Coal demand in the US may continue its downward trend in 2024 even though fewer power plant units are scheduled to close and some retirements have been delayed.

Coal-fired power plant unit retirements in 2024 are projected to number between six and eight, according to US Energy Information Administration (EIA) estimates and company announcements recorded by Argus. That is down from 22 units permanently closed in 2023.

The current expectation for 2024 coal plant retirements also is slightly lower than what the EIA was projecting at the start of 2023. In addition, four fewer coal units closed in 2023 than had been expected at the start of the year. Some power plant retirements have been delayed or have been flagged by grid operators as temporarily necessary for grid reliability.

But market fundamentals, including more competitive natural gas prices and expanding renewable generation capacity, are expected to continue to be less supportive of coal-fired generation and coal demand this year.

"There's a lot of questions that go into these coal unit [retirement] delays, including how long grids need these units to continue operating during peak demand," said Ian Lange, associate professor at Colorado School of Mines. "It could just be for a few hours or a few days in the winter... but the short period of operation makes me think it will probably not significantly impact coal demand."

The latest projections from the EIA have coal consumption by US electric power plants falling by 10pc this year to 346.5mn short tons (314.3mn metric tonnes).
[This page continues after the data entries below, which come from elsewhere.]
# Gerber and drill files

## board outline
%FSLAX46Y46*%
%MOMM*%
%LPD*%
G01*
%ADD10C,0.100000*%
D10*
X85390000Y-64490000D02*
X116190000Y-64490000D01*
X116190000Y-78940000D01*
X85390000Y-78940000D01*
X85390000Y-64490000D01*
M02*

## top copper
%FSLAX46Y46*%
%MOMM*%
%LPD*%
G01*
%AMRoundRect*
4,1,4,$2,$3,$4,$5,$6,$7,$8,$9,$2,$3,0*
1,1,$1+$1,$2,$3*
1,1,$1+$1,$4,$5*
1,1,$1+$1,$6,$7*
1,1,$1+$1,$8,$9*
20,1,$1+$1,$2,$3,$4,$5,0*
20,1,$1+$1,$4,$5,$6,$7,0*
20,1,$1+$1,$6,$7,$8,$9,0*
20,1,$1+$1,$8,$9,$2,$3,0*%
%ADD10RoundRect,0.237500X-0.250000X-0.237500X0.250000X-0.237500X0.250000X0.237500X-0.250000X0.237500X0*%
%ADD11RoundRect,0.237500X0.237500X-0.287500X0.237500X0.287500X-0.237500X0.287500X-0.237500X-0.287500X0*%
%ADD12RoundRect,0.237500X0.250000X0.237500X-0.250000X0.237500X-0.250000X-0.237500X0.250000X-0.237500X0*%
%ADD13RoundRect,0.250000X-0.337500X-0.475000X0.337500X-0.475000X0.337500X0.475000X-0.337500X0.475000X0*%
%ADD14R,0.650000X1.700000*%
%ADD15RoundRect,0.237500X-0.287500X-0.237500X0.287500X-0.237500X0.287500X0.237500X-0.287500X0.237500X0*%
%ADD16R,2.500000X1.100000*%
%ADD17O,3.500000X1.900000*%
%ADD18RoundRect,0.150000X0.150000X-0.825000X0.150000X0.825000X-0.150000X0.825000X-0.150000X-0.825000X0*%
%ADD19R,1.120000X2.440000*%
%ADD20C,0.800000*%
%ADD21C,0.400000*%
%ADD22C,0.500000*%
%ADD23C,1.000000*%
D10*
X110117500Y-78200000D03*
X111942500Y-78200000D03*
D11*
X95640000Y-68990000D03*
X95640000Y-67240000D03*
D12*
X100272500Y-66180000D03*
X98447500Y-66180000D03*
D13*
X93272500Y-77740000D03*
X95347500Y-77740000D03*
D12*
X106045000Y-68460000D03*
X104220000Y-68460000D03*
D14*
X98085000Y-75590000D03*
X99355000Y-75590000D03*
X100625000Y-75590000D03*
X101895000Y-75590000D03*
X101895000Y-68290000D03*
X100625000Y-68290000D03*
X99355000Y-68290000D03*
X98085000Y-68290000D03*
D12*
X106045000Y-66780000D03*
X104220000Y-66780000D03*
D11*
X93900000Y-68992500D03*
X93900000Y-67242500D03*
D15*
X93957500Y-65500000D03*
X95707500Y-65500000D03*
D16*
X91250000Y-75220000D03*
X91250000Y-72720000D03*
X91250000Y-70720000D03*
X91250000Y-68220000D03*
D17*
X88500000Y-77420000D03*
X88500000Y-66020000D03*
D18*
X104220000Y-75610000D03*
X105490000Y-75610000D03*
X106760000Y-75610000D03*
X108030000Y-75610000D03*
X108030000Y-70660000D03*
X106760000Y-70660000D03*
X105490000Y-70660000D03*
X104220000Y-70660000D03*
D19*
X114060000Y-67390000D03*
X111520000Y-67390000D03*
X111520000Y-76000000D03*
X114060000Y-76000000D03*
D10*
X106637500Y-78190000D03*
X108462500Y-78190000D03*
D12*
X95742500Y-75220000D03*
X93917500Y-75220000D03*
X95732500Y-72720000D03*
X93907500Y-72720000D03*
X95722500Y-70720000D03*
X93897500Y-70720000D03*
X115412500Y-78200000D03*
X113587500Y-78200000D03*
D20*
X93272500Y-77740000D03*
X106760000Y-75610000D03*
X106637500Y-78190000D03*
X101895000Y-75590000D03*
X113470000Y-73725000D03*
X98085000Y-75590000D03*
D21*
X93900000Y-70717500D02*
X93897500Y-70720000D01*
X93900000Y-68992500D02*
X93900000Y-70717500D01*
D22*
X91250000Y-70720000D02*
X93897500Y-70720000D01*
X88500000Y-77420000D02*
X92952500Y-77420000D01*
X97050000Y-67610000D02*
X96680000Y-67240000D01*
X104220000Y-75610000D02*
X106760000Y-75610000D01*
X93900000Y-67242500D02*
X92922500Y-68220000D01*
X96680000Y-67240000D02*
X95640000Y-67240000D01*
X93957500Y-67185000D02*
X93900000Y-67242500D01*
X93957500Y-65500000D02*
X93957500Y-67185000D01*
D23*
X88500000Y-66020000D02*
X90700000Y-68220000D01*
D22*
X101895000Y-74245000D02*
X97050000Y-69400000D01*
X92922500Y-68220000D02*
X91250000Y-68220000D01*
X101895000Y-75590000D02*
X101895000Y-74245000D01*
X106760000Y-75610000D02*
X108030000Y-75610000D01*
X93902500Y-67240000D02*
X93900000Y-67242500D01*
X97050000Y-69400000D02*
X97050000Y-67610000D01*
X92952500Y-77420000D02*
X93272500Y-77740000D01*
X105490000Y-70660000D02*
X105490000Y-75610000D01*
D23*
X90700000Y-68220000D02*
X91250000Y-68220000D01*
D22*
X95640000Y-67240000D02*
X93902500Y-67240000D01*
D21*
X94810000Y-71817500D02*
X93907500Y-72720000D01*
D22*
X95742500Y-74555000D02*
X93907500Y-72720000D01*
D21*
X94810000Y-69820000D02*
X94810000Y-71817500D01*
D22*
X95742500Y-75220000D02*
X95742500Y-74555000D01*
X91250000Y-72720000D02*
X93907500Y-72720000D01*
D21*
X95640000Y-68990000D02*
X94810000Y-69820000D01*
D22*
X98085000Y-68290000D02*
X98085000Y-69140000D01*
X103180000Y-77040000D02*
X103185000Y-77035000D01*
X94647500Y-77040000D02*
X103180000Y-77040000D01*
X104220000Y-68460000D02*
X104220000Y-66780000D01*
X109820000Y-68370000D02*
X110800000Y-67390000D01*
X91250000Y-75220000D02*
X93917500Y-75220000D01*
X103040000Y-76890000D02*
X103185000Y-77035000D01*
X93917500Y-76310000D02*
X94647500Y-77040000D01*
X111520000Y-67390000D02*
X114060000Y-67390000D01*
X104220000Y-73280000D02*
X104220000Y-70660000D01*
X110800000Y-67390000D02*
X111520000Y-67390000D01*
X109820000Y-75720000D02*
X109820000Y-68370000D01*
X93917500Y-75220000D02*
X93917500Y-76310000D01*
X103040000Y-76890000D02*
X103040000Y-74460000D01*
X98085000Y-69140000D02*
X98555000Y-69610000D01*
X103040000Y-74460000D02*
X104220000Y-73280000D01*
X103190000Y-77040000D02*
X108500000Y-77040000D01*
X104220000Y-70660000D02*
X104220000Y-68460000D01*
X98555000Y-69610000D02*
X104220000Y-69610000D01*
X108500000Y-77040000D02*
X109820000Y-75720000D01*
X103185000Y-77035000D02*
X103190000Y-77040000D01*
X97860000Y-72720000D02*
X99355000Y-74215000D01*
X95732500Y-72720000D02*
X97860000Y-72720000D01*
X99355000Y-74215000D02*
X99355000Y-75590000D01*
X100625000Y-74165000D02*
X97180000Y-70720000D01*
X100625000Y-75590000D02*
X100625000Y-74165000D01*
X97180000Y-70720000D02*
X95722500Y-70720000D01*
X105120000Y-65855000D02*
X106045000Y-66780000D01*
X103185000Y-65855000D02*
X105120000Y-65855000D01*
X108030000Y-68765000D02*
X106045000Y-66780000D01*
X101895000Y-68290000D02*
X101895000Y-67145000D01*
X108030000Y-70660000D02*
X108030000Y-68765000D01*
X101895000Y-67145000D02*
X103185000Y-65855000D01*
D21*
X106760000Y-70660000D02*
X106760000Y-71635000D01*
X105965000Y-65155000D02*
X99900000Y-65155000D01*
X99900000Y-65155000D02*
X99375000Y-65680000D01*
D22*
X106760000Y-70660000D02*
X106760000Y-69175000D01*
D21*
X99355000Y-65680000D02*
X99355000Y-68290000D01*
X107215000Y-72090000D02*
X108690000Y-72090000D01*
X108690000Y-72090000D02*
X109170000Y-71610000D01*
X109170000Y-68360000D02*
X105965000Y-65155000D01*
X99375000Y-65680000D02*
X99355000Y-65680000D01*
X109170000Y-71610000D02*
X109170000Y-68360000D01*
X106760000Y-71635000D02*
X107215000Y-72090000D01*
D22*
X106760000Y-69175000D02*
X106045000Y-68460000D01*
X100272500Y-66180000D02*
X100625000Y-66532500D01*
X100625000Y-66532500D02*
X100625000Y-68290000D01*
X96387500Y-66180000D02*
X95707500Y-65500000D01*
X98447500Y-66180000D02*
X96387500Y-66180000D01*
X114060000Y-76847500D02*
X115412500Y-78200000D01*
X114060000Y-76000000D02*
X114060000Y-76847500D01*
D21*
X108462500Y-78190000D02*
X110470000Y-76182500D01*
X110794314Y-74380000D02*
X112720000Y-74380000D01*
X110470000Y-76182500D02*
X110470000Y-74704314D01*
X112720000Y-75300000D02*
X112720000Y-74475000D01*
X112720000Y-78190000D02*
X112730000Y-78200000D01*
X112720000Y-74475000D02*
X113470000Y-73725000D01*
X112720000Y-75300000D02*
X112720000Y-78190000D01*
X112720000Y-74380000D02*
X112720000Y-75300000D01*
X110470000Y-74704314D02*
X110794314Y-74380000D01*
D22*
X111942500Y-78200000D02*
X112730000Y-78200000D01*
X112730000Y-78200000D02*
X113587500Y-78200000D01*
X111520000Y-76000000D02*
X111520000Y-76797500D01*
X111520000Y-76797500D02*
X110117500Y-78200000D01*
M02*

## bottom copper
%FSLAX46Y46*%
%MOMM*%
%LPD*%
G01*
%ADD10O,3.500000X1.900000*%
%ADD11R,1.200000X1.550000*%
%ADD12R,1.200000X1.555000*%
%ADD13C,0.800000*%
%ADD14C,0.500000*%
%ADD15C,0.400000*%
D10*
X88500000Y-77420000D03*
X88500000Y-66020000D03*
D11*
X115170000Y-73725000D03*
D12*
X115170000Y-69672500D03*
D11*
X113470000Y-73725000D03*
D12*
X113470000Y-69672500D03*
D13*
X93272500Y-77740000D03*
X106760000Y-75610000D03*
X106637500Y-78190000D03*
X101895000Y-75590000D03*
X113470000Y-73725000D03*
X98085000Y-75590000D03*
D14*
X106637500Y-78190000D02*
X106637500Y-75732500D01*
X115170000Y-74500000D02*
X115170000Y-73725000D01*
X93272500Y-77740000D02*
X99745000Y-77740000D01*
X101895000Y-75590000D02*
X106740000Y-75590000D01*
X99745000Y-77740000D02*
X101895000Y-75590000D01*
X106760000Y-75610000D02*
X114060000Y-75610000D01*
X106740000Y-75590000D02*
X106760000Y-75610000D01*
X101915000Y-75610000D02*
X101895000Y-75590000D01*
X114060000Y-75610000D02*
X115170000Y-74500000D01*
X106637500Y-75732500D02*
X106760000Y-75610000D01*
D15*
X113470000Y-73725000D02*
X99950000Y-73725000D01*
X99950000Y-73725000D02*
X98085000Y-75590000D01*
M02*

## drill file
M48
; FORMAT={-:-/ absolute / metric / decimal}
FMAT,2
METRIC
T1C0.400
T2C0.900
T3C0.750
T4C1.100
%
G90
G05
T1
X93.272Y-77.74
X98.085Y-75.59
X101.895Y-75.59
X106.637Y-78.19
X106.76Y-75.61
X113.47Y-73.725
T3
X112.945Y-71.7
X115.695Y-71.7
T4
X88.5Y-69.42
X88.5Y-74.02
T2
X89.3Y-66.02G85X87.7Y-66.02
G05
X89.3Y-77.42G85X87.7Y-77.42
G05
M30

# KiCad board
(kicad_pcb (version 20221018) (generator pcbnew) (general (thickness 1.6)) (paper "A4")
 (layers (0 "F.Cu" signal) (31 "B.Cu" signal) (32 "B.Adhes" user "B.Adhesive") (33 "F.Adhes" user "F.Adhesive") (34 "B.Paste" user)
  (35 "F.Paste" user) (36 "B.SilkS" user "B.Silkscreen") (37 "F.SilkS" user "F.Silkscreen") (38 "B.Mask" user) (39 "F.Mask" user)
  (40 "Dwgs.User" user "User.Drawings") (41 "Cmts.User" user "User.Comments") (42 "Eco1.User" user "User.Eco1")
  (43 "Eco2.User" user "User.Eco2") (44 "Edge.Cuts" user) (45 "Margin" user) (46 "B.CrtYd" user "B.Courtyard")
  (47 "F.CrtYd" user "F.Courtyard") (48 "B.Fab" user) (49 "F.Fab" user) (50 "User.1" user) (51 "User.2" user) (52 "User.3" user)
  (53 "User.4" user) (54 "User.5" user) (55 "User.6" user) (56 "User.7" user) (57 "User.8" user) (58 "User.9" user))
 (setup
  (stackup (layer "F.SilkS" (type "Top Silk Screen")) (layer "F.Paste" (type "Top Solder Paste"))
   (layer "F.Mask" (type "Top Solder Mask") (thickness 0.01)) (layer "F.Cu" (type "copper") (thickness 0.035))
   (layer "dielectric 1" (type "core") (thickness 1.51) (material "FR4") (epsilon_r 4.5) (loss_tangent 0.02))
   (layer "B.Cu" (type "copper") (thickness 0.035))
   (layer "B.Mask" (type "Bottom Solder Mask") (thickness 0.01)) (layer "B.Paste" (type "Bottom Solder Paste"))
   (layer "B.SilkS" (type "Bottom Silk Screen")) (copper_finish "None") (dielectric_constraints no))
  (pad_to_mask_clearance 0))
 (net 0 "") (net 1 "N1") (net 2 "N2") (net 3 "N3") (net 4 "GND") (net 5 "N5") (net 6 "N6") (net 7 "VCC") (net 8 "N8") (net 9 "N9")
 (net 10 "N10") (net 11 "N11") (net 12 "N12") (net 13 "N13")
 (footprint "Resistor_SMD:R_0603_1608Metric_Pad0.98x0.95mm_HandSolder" (layer "F.Cu") (at 111.03 78.2)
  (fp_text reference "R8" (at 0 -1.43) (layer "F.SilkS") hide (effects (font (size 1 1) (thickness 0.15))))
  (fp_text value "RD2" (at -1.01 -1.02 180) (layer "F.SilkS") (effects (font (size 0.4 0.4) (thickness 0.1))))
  (pad "1" smd roundrect (at -0.9125 0) (size 0.975 0.95) (layers "F.Cu" "F.Paste" "F.Mask") (roundrect_rratio 0.25) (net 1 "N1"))
  (pad "2" smd roundrect (at 0.9125 0) (size 0.975 0.95) (layers "F.Cu" "F.Paste" "F.Mask") (roundrect_rratio 0.25) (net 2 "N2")))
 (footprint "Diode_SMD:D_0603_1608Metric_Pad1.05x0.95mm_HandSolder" (layer "F.Cu") (at 95.64 68.115 90)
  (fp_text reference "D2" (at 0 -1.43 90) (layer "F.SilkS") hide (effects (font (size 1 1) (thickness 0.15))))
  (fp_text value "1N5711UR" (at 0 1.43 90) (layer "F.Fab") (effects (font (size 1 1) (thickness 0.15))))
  (pad "1" smd roundrect (at -0.875 0 90) (size 1.05 0.95) (layers "F.Cu" "F.Paste" "F.Mask") (roundrect_rratio 0.25) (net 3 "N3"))
  (pad "2" smd roundrect (at 0.875 0 90) (size 1.05 0.95) (layers "F.Cu" "F.Paste" "F.Mask") (roundrect_rratio 0.25) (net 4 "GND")))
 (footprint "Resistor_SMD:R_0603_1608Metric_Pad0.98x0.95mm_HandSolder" (layer "F.Cu") (at 99.36 66.18 180)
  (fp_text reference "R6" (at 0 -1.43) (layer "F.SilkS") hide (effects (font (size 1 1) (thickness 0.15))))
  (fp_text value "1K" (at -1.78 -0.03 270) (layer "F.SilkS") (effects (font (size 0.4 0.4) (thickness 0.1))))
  (pad "1" smd roundrect (at -0.9125 0 180) (size 0.975 0.95) (layers "F.Cu" "F.Paste" "F.Mask") (roundrect_rratio 0.25) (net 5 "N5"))
  (pad "2" smd roundrect (at 0.9125 0 180) (size 0.975 0.95) (layers "F.Cu" "F.Paste" "F.Mask") (roundrect_rratio 0.25) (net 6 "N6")))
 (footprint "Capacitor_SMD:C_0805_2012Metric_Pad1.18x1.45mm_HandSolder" (layer "F.Cu") (at 94.31 77.74)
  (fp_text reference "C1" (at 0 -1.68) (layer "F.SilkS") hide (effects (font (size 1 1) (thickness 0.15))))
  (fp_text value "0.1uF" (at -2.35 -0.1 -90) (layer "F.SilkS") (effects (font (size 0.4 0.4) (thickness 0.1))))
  (pad "1" smd roundrect (at -1.0375 0) (size 1.175 1.45) (layers "F.Cu" "F.Paste" "F.Mask") (roundrect_rratio 0.212766) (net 4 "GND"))
  (pad "2" smd roundrect (at 1.0375 0) (size 1.175 1.45) (layers "F.Cu" "F.Paste" "F.Mask") (roundrect_rratio 0.212766) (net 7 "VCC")))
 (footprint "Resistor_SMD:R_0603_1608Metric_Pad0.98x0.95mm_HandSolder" (layer "F.Cu") (at 105.1325 68.46 180)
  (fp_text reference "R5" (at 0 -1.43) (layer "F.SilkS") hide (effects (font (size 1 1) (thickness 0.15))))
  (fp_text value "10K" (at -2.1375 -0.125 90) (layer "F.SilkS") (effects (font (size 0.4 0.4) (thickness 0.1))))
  (pad "1" smd roundrect (at -0.9125 0 180) (size 0.975 0.95) (layers "F.Cu" "F.Paste" "F.Mask") (roundrect_rratio 0.25) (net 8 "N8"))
The biggest shift in coal retirements in 2023 appears to have been in the PJM Interconnection. The grid operator initially had 11 coal units retiring in the first half of 2023, taking a combined capacity of 5,681.2MW offline. But two of those unit retirements were withdrawn after Omnis Fuel Technologies in August reopened the 1,200MW Pleasants power station in West Virginia with plans to eventually add technology to extract hydrogen from coal and run the plant on hydrogen.

For 2024, PJM so far has only one plant scheduled to close, AES' 180MW Warrior Run plant, according to the generation deactivations page on the grid operator's website.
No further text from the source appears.